It is common for small businesses to face financial distress at some point, especially if capital is limited in the first place. However, economic issues should never be ignored or left to progress for too long. Otherwise, it can lead the business to the brink of bankruptcy.
But what if your small business is already on the precipice? Here are several tactics that you can use to avoid bankruptcy at all costs:
1. Prioritize your debts
When you’re already getting letters from a collection attorney or final invoices from your suppliers, it’s time to prioritize debt repayment if you haven’t already. Not paying your debts will only add fuel to the fire, and soon enough, late charges will pile up, making it harder to pay them all off. Moreover, there is a risk of facing a lawsuit if you fail to pay for an extended amount of time, which can easily take a toll on your finances.
2. Decrease your expenses
Review your expenses and determine which ones you can do without. If there are other areas wherein you can tighten your budget without sacrificing crucial aspects of your business, decrease your expenses in those areas.
3. Take calculated risks
When you run a small business, it’s reasonable to be optimistic about what the future holds. However, while it is essential to be positive about what lies ahead, it’s just as crucial to prepare for the worst-case scenario. You might be doing well now, but what about in the next coming months? What are the risks that lie ahead for your business?

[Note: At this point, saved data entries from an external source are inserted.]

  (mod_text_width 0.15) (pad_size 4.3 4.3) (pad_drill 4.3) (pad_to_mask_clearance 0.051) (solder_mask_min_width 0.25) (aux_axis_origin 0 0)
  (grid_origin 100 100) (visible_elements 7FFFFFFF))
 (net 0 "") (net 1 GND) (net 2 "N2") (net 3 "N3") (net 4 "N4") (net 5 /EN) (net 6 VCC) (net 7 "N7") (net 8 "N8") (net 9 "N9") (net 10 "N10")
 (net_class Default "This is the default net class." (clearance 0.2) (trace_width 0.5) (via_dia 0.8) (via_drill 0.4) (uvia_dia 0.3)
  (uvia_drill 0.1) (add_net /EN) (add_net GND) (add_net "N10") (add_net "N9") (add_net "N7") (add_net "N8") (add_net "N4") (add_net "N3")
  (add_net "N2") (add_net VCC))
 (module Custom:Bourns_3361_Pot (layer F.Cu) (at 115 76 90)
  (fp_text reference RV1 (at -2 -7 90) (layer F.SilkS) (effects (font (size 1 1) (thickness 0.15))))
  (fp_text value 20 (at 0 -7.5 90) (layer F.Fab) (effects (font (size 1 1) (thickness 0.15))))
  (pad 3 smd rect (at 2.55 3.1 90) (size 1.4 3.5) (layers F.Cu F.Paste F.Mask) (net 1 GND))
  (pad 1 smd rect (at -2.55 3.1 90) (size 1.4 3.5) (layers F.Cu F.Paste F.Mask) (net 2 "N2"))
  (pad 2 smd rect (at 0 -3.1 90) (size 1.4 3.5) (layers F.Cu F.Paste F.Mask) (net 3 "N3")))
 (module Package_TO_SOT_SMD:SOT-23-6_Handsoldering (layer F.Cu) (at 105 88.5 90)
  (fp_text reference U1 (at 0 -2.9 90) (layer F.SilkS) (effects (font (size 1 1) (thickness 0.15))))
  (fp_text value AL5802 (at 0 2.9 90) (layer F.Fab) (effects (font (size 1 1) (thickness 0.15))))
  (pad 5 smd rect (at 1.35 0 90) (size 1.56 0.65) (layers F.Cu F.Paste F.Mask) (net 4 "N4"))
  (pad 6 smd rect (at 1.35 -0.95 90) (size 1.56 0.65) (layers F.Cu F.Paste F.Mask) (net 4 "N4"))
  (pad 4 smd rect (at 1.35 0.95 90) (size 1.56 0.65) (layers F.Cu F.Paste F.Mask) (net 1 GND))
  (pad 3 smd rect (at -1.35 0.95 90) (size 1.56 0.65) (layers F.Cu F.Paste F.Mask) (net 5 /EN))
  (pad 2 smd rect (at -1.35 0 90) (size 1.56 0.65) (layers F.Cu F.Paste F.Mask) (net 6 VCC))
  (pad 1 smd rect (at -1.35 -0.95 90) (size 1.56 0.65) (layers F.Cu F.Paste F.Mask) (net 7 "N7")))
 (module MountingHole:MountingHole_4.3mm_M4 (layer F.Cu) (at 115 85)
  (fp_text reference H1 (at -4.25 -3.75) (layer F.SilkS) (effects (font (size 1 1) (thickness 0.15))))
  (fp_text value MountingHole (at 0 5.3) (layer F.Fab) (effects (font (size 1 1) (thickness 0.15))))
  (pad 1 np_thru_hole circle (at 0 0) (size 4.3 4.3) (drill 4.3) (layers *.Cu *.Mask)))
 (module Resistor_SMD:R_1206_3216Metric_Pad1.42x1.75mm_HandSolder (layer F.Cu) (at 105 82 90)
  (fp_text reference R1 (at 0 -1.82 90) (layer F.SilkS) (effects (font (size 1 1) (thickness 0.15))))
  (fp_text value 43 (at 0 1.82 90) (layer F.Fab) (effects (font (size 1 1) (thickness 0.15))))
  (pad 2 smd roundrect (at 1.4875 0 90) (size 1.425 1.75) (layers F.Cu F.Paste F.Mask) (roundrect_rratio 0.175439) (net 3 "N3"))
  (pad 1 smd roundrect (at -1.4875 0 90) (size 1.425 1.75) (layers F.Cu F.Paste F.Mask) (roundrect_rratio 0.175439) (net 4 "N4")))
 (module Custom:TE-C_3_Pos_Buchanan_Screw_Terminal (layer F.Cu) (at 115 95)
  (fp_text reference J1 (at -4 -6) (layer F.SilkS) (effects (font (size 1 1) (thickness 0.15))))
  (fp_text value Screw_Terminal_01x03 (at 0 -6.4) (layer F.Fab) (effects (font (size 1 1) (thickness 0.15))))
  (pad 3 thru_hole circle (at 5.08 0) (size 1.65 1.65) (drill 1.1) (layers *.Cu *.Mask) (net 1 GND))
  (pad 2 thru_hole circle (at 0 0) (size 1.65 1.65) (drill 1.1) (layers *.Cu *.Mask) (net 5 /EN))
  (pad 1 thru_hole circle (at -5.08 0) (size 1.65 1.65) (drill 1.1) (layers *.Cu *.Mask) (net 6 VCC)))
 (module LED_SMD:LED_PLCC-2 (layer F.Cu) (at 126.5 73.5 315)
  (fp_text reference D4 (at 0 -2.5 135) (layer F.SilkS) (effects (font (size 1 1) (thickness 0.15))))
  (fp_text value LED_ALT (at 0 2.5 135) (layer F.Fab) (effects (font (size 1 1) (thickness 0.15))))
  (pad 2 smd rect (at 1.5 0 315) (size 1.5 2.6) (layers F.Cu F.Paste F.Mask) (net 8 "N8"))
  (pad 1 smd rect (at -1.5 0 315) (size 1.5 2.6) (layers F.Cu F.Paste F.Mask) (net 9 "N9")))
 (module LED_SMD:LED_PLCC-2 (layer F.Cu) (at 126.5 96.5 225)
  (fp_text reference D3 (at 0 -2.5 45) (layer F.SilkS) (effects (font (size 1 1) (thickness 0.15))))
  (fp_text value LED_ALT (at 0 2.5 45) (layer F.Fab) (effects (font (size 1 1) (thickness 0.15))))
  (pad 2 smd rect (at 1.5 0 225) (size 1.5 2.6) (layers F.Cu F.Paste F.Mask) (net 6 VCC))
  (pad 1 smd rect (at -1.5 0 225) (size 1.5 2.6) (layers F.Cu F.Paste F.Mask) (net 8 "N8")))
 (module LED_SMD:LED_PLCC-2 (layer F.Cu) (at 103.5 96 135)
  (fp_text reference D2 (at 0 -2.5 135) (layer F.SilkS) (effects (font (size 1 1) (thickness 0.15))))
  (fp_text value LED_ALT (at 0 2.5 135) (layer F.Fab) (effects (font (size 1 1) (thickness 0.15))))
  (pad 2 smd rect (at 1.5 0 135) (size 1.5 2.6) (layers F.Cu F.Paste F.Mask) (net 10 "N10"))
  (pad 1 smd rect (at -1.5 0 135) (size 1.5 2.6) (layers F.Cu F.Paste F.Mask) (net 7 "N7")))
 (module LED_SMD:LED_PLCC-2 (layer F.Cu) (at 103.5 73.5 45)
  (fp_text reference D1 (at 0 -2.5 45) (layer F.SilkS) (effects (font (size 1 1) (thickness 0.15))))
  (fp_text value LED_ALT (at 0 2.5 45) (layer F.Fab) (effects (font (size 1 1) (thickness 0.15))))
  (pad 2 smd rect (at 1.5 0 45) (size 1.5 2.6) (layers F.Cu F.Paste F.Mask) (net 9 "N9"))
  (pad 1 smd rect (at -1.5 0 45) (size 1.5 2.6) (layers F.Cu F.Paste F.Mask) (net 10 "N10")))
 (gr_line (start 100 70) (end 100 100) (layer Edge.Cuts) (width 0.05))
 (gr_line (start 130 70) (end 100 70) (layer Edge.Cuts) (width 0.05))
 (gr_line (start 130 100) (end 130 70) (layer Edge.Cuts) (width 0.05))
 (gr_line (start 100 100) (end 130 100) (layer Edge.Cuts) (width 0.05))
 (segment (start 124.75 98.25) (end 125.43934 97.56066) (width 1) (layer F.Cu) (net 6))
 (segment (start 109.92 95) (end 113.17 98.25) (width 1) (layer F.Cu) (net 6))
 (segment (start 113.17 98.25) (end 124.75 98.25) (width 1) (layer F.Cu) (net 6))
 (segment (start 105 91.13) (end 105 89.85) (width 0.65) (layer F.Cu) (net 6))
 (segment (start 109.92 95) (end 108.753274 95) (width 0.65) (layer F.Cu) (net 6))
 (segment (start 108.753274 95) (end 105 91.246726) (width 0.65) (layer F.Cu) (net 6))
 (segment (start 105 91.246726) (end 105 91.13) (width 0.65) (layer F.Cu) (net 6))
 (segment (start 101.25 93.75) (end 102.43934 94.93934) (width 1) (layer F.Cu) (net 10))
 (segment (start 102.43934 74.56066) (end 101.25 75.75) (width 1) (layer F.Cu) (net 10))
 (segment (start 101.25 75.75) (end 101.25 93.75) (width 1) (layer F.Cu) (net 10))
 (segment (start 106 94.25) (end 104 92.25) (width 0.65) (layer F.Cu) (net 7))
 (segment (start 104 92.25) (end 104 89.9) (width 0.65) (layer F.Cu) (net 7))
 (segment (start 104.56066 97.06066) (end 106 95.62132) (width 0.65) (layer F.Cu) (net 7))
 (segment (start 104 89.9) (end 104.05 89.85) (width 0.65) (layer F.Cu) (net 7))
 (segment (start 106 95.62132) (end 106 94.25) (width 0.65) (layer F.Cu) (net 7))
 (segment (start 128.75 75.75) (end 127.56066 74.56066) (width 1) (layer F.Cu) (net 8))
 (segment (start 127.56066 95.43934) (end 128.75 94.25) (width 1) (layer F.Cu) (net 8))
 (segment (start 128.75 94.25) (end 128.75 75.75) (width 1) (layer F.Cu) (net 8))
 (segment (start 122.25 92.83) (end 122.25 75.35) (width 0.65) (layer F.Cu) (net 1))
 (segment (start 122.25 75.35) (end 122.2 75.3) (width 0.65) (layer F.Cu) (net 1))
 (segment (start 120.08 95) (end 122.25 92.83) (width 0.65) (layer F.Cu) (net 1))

Many business owners have financial difficulties because of the current pandemic. While there’s no way that anyone could have known that COVID-19 will happen, having a safety net is vital when things happen that are beyond your control.
4. Be careful with loans
Taking out a business loan is the most common and often the most accessible way for owners to finance their business. However, keep in mind that business loans hold the same risk as any other loan, perhaps even more so. When you trail behind on your payments, it can mean trouble for your operations.
That said, you must choose a good business loan with reasonable interest rates in the first place. At the same time, borrow just the right amount you need–not too much and not too little. Moreover, if you find yourself needing to take out another loan, do the calculations twice–if not thrice–before you make another financial commitment.
When the threat of bankruptcy is looming nearer than ever, consider renegotiating with your suppliers, landlords, and creditors. You might be able to get lower interest rates or more flexible payment terms when you ask for them. It can also help to let them know you are considering bankruptcy since creditors themselves don’t want to have their payments delayed if your business goes bankrupt.
Bankruptcy is not easy, and it can easily threaten the life of your small business. No one wants to watch their dream go down the drain. Hence, if you are facing financial issues, address them as soon as possible before you risk going bankrupt.